Старая собака тявкнула на него откуда-то из темноты и умолкла. «Серко! Старый стал. А раньше зверь был», — вспомнил Яков и, подойдя к землянке, негромко постучал в дверь.
— Кто там? — отозвался слабый голос Дарьи Ивановны.
— Это я, мамаша, — ответил Яков, а у самого горло свело спазмой.

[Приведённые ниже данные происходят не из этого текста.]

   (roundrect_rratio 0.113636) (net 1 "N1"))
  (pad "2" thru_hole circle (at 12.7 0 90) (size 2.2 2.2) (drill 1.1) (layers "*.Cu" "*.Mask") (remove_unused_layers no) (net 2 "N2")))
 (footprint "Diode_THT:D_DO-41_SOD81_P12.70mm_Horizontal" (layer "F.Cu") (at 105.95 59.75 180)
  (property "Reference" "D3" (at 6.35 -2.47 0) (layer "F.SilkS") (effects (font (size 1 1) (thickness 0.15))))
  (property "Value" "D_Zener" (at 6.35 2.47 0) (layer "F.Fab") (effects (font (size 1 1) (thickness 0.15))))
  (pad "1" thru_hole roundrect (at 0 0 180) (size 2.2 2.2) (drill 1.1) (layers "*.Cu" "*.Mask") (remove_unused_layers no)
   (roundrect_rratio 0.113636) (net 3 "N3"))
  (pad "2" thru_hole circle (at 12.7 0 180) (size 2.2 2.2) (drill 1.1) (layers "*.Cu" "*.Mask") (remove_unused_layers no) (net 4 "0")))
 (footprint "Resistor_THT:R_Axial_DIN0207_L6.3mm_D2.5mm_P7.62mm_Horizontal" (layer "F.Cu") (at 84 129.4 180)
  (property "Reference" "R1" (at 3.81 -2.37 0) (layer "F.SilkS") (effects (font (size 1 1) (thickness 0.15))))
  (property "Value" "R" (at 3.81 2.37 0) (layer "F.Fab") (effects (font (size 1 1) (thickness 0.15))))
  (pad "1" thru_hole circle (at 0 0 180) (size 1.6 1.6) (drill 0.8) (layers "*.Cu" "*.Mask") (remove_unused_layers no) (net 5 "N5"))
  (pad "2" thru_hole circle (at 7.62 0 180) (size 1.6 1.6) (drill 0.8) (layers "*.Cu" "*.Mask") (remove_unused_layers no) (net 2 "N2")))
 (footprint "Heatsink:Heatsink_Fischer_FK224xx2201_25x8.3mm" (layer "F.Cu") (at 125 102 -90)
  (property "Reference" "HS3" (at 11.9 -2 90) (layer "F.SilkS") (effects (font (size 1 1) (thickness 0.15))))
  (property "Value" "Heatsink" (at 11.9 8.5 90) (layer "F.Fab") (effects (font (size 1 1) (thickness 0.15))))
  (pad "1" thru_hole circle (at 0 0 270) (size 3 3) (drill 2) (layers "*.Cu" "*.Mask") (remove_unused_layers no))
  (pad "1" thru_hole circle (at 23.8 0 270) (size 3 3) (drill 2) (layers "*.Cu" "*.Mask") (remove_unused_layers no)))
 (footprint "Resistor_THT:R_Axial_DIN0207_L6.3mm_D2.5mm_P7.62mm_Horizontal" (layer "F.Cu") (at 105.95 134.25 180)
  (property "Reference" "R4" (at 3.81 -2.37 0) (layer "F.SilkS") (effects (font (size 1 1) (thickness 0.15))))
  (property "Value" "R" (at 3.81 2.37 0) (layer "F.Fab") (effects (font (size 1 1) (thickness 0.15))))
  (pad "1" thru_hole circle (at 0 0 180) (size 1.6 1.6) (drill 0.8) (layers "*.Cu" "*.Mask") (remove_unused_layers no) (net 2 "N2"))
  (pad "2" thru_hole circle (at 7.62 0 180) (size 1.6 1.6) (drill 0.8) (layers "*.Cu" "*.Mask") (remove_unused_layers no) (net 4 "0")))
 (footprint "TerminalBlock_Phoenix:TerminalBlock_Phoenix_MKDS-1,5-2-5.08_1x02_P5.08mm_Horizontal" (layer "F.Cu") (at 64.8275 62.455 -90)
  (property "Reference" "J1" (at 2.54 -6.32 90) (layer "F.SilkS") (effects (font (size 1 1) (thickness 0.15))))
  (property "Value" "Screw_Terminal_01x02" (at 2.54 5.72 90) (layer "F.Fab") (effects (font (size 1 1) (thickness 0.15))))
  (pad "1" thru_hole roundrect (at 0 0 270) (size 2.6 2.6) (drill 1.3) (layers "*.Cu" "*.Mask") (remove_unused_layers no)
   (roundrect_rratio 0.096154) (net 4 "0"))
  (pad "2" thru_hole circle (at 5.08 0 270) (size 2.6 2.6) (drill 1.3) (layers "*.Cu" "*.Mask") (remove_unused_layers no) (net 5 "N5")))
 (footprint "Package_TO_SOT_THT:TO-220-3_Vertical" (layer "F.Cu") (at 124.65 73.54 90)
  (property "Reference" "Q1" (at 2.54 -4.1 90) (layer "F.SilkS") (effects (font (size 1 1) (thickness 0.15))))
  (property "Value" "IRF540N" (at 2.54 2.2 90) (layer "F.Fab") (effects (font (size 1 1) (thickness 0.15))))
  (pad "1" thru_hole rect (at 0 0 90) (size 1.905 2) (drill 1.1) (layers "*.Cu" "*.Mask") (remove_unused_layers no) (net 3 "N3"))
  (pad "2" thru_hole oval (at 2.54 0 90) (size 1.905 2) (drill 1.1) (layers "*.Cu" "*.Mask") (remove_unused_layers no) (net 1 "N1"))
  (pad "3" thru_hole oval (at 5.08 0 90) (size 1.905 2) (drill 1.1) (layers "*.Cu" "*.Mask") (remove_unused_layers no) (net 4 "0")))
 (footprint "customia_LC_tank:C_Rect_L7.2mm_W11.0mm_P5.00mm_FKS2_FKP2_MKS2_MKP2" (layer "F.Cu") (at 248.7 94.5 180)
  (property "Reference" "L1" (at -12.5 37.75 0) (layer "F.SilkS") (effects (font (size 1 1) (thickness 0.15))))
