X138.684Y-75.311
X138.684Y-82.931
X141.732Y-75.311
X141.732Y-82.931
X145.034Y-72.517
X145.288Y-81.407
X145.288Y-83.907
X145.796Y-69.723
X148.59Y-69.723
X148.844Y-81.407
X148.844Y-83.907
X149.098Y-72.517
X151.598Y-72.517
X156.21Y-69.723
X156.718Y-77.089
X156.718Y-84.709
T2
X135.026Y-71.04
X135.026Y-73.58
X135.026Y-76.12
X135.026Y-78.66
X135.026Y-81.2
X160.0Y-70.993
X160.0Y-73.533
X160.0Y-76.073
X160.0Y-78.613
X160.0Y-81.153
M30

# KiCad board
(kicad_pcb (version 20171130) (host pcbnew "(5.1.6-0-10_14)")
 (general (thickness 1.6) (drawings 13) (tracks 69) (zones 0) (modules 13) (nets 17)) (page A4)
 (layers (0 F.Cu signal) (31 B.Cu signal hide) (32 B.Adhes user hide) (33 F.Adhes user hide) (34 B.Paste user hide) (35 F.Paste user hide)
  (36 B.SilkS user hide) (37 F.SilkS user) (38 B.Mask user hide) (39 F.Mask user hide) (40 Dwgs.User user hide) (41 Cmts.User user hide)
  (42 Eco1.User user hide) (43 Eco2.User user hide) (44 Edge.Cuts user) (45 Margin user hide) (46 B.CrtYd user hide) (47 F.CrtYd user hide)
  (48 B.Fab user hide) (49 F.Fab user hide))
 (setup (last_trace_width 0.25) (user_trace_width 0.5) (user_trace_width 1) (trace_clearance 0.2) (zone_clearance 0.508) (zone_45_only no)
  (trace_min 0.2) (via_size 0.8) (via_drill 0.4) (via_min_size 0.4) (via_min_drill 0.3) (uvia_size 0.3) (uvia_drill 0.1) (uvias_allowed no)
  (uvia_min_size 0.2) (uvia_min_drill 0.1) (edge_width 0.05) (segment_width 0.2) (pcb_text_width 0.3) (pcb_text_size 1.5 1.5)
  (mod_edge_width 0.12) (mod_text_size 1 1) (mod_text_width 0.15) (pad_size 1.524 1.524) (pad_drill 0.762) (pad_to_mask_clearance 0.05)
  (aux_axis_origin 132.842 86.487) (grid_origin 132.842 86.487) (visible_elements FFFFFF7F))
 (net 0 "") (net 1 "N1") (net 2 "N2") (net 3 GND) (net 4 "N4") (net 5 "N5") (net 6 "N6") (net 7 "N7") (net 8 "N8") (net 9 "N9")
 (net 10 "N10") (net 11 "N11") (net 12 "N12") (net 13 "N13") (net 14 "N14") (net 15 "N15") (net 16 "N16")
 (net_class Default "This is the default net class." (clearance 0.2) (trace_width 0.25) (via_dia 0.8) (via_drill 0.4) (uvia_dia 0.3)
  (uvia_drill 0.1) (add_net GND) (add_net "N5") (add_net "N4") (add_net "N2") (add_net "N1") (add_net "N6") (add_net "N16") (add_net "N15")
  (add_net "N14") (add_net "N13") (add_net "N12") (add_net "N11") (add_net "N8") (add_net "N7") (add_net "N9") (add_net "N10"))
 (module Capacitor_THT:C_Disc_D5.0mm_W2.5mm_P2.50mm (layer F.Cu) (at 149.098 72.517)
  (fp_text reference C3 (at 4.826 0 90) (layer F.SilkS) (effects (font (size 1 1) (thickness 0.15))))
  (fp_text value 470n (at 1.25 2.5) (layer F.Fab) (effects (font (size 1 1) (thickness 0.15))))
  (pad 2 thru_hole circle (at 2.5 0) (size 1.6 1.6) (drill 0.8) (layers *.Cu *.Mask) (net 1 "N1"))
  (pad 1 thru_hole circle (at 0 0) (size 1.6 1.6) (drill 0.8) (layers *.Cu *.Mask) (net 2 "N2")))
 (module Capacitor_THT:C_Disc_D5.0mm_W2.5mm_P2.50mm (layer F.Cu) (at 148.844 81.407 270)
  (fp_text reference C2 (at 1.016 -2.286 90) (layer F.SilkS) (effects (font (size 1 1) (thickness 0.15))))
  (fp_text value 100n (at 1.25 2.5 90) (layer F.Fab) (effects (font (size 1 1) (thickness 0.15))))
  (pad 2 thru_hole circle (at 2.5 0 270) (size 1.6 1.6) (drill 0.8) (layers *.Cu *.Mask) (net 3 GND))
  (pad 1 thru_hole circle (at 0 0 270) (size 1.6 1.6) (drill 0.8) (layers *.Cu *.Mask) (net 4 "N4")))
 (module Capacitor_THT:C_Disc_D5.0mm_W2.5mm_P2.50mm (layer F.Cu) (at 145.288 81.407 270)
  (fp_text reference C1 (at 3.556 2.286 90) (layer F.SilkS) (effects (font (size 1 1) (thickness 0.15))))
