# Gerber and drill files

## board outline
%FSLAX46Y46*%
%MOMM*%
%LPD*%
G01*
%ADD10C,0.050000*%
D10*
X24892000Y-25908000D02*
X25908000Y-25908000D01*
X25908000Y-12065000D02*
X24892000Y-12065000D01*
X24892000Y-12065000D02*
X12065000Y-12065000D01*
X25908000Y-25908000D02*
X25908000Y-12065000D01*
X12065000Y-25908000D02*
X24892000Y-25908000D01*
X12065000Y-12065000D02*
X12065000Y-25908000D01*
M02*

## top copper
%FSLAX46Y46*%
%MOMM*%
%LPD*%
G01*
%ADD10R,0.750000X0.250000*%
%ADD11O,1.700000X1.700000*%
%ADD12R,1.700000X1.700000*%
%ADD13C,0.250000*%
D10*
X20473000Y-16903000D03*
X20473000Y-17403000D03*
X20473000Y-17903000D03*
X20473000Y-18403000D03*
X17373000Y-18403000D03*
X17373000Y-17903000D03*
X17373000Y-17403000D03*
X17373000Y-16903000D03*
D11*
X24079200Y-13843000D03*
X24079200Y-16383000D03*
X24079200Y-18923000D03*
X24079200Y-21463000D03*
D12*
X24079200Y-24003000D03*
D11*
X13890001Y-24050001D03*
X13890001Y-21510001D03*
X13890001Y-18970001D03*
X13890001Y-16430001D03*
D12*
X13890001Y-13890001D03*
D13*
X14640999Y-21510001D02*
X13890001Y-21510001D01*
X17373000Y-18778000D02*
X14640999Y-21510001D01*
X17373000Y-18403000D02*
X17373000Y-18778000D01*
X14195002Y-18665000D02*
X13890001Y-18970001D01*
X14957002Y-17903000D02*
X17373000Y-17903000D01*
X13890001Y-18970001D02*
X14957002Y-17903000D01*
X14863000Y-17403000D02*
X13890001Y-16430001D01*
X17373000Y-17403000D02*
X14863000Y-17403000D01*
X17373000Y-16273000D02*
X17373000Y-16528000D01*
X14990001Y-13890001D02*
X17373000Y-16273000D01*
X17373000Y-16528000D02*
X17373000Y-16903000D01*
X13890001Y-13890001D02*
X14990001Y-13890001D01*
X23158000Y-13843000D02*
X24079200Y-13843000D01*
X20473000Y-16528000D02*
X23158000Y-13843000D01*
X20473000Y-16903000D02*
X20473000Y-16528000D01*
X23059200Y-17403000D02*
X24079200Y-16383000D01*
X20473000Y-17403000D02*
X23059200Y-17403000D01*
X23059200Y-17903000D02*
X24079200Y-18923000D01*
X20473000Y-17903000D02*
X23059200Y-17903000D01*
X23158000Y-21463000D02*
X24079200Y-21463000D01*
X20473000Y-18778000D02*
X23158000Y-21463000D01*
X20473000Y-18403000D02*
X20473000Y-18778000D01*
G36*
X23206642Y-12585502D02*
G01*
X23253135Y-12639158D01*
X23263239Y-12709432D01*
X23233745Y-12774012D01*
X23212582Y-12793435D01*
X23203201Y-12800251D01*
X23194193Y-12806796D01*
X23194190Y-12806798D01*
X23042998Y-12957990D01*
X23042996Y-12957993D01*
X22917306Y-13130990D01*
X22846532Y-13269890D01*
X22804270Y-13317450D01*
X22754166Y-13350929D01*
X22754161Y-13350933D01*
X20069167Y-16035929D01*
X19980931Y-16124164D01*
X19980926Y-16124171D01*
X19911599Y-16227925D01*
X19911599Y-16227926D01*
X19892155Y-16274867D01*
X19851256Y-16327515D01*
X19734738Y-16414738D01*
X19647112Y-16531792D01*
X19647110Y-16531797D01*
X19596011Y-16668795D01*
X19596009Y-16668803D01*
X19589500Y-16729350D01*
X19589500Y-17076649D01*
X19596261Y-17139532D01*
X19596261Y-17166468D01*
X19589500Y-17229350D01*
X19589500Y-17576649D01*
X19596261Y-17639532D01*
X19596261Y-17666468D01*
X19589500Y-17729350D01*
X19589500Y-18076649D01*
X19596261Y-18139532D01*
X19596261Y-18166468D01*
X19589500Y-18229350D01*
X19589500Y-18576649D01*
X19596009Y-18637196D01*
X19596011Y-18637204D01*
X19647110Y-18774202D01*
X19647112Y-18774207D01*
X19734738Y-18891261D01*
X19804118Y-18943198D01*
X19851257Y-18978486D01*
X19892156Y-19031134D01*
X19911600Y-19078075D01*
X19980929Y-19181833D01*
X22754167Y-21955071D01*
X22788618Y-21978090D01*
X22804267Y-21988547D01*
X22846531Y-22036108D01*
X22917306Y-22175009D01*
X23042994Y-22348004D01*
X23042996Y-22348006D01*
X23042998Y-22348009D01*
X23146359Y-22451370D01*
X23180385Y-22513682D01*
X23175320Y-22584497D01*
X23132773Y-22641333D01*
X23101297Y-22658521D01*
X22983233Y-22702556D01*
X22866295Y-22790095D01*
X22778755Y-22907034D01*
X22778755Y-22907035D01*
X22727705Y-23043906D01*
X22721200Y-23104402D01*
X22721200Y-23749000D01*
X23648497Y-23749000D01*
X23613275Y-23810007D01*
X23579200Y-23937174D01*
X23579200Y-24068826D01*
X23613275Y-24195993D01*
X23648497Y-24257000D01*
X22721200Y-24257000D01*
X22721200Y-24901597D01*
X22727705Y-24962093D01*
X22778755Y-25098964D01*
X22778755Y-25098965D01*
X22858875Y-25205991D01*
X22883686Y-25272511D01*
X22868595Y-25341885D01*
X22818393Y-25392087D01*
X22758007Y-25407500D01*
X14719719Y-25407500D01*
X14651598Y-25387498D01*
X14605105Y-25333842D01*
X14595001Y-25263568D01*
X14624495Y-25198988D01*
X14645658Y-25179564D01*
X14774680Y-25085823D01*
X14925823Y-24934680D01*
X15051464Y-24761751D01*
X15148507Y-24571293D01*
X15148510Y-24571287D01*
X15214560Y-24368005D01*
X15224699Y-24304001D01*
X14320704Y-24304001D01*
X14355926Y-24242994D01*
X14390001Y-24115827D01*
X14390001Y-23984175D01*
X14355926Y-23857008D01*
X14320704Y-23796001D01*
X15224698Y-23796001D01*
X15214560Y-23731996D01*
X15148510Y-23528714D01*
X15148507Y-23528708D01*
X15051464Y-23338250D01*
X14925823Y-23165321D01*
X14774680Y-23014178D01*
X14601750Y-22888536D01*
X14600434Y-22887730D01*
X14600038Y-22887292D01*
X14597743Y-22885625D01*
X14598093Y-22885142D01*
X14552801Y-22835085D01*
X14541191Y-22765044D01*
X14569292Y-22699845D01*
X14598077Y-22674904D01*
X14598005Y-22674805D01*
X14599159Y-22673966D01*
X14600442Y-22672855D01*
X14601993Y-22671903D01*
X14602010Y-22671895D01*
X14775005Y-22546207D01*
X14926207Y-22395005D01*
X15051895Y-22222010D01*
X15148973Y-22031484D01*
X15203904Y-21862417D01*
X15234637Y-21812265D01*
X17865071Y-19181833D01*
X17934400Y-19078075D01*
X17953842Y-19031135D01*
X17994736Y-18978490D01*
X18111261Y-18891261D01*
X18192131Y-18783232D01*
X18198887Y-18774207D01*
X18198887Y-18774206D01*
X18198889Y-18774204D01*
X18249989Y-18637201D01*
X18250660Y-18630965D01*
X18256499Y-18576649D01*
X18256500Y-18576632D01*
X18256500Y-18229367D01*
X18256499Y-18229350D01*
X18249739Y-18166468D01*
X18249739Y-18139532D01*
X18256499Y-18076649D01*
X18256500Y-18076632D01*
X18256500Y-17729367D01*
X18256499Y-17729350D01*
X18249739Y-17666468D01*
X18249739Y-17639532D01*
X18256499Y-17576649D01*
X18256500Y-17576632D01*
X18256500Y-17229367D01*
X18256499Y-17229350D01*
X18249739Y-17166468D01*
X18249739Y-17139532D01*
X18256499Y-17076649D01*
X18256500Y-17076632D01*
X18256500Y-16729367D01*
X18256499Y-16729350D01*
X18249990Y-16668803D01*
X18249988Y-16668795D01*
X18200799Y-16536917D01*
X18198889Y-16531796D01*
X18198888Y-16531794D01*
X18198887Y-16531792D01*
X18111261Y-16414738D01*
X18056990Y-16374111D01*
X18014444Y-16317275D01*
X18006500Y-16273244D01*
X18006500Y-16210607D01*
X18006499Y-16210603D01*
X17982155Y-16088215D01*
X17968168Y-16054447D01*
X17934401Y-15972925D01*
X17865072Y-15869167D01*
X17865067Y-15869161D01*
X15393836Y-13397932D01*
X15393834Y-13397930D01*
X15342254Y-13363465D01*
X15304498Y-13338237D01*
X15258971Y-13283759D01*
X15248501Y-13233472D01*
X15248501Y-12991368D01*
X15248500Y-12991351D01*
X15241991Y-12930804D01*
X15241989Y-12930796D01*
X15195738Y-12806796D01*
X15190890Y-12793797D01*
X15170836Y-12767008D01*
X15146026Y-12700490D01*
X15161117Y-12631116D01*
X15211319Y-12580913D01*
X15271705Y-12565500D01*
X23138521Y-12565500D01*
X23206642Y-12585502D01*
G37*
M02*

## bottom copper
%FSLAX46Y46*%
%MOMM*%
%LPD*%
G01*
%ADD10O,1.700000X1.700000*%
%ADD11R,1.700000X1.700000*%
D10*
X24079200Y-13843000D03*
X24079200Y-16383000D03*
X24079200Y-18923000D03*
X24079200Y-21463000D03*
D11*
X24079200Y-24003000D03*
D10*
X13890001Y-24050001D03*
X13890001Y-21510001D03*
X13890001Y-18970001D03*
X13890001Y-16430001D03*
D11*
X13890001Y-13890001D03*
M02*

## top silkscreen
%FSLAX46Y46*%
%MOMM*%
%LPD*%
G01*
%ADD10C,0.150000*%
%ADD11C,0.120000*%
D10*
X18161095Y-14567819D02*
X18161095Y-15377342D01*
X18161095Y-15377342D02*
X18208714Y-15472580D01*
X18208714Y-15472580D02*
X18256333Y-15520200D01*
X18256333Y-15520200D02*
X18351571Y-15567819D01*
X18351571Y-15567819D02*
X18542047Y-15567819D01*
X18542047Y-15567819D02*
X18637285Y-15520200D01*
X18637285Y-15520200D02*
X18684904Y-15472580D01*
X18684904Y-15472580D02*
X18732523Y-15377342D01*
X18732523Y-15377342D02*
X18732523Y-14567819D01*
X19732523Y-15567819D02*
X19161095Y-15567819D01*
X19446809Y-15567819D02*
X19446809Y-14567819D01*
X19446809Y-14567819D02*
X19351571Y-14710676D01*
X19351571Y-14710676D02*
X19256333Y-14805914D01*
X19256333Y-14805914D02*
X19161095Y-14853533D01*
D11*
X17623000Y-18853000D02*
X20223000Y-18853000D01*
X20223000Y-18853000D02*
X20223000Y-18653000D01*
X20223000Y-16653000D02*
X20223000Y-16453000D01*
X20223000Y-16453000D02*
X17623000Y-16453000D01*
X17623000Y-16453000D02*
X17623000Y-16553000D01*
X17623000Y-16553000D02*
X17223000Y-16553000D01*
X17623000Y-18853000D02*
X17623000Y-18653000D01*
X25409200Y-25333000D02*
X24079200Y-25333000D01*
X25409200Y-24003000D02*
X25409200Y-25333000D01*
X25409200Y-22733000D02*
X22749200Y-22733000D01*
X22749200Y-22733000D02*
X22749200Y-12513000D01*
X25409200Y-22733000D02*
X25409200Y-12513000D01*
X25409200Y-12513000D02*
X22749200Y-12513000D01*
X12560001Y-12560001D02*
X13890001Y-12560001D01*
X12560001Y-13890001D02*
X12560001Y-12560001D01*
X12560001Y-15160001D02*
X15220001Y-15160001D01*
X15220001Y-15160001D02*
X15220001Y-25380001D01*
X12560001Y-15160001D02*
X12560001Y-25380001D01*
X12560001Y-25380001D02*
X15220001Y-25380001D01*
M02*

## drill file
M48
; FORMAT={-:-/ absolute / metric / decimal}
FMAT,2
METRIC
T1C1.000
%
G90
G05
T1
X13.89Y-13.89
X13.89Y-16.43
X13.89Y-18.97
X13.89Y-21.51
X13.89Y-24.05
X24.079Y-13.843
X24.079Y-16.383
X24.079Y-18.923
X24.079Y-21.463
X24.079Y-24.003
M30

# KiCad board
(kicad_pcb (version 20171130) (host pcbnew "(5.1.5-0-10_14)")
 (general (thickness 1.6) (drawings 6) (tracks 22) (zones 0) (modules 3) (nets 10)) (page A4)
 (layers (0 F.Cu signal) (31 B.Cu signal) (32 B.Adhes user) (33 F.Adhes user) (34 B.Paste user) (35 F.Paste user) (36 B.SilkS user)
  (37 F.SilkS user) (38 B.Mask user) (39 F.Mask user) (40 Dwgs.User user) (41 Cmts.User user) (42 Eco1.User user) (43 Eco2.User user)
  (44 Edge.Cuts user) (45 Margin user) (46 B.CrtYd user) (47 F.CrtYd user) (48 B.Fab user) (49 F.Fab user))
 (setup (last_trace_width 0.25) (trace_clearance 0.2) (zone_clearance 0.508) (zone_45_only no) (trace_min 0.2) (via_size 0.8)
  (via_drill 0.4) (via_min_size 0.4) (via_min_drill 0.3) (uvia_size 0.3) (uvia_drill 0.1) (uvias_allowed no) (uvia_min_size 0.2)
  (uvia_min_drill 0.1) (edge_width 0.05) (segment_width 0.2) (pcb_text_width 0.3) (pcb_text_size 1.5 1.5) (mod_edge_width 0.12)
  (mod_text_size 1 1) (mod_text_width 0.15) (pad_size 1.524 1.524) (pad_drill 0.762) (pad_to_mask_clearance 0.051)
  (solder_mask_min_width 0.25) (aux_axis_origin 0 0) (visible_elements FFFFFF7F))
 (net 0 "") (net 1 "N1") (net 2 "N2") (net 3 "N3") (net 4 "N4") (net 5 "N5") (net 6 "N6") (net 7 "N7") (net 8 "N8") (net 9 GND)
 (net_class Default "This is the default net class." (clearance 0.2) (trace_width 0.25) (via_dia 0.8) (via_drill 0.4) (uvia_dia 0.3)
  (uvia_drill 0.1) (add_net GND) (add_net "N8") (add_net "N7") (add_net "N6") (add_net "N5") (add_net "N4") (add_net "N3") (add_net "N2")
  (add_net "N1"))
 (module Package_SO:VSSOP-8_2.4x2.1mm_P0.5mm (layer F.Cu) (at 18.923 17.653)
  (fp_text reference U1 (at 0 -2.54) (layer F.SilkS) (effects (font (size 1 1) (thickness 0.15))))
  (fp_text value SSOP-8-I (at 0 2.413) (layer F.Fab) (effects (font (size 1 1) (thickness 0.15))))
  (fp_line (start -1.3 1.2) (end 1.3 1.2) (layer F.SilkS) (width 0.12))
  (fp_line (start 1.3 1.2) (end 1.3 1) (layer F.SilkS) (width 0.12))
  (fp_line (start 1.3 -1) (end 1.3 -1.2) (layer F.SilkS) (width 0.12))
  (fp_line (start 1.3 -1.2) (end -1.3 -1.2) (layer F.SilkS) (width 0.12))
  (fp_line (start -1.3 -1.2) (end -1.3 -1.1) (layer F.SilkS) (width 0.12))
  (fp_line (start -1.3 -1.1) (end -1.7 -1.1) (layer F.SilkS) (width 0.12))
  (fp_line (start -1.3 1.2) (end -1.3 1) (layer F.SilkS) (width 0.12))
  (pad 8 smd rect (at 1.55 -0.75) (size 0.75 0.25) (layers F.Cu F.Paste F.Mask) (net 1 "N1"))
  (pad 7 smd rect (at 1.55 -0.25) (size 0.75 0.25) (layers F.Cu F.Paste F.Mask) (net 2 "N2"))
  (pad 6 smd rect (at 1.55 0.25) (size 0.75 0.25) (layers F.Cu F.Paste F.Mask) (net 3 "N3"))
  (pad 5 smd rect (at 1.55 0.75) (size 0.75 0.25) (layers F.Cu F.Paste F.Mask) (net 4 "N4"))
  (pad 4 smd rect (at -1.55 0.75) (size 0.75 0.25) (layers F.Cu F.Paste F.Mask) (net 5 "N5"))
  (pad 3 smd rect (at -1.55 0.25) (size 0.75 0.25) (layers F.Cu F.Paste F.Mask) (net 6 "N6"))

— Ох, сынок наш родной, Яша, погорели мы теперь на-вовсе! — заголосила Дарья Ивановна, открыв дверь и бросившись Якову на шею.
— Ничего, ничего, мамаша, успокойтесь…
Нефед Мироныч лежал на нарах, Алена и бабка — на старинной, потемневшей от времени деревянной кровати.
Услышав голос Якова, они встали и начали торопливо одеваться.
Яков остановился у порога, высокий в этой землянке, в блестящих сапогах, в бобровой шубе нараспашку и такой же шапке.
— Ну, здравствуйте! — угрюмо поздоровался он.
Нефед Мироныч видел: на потемневшем лице сына не дрогнул ни один мускул, черные глаза смотрели из-под черных бровей холодно, по-чужому. «Отца спалили, а у него даже ласкового слова язык не повернулся сказать. Сын называется. Эх!» — подумал он и, держась за левую сторону поясницы, кряхтя и кривясь от боли, опустил ноги на землю.
— Здравствуй, сынок, — ответил он наконец. — А мы только вчера послали тебе письмо. Видал небось, что с твоим батькой сделали?
— Видел… Кто это вас так? — не раздеваясь, спросил Яков и тяжело опустился на белый венский стул.
— Сваты, должно. Игнат и какие с ним были изверги, погибели на них нету, проклятых! — грубым, заспанным голосом ответила бабка.
— Должно… — повторил Яков и, подняв глаза на Алену, спросил: — А ты почему не у себя дома?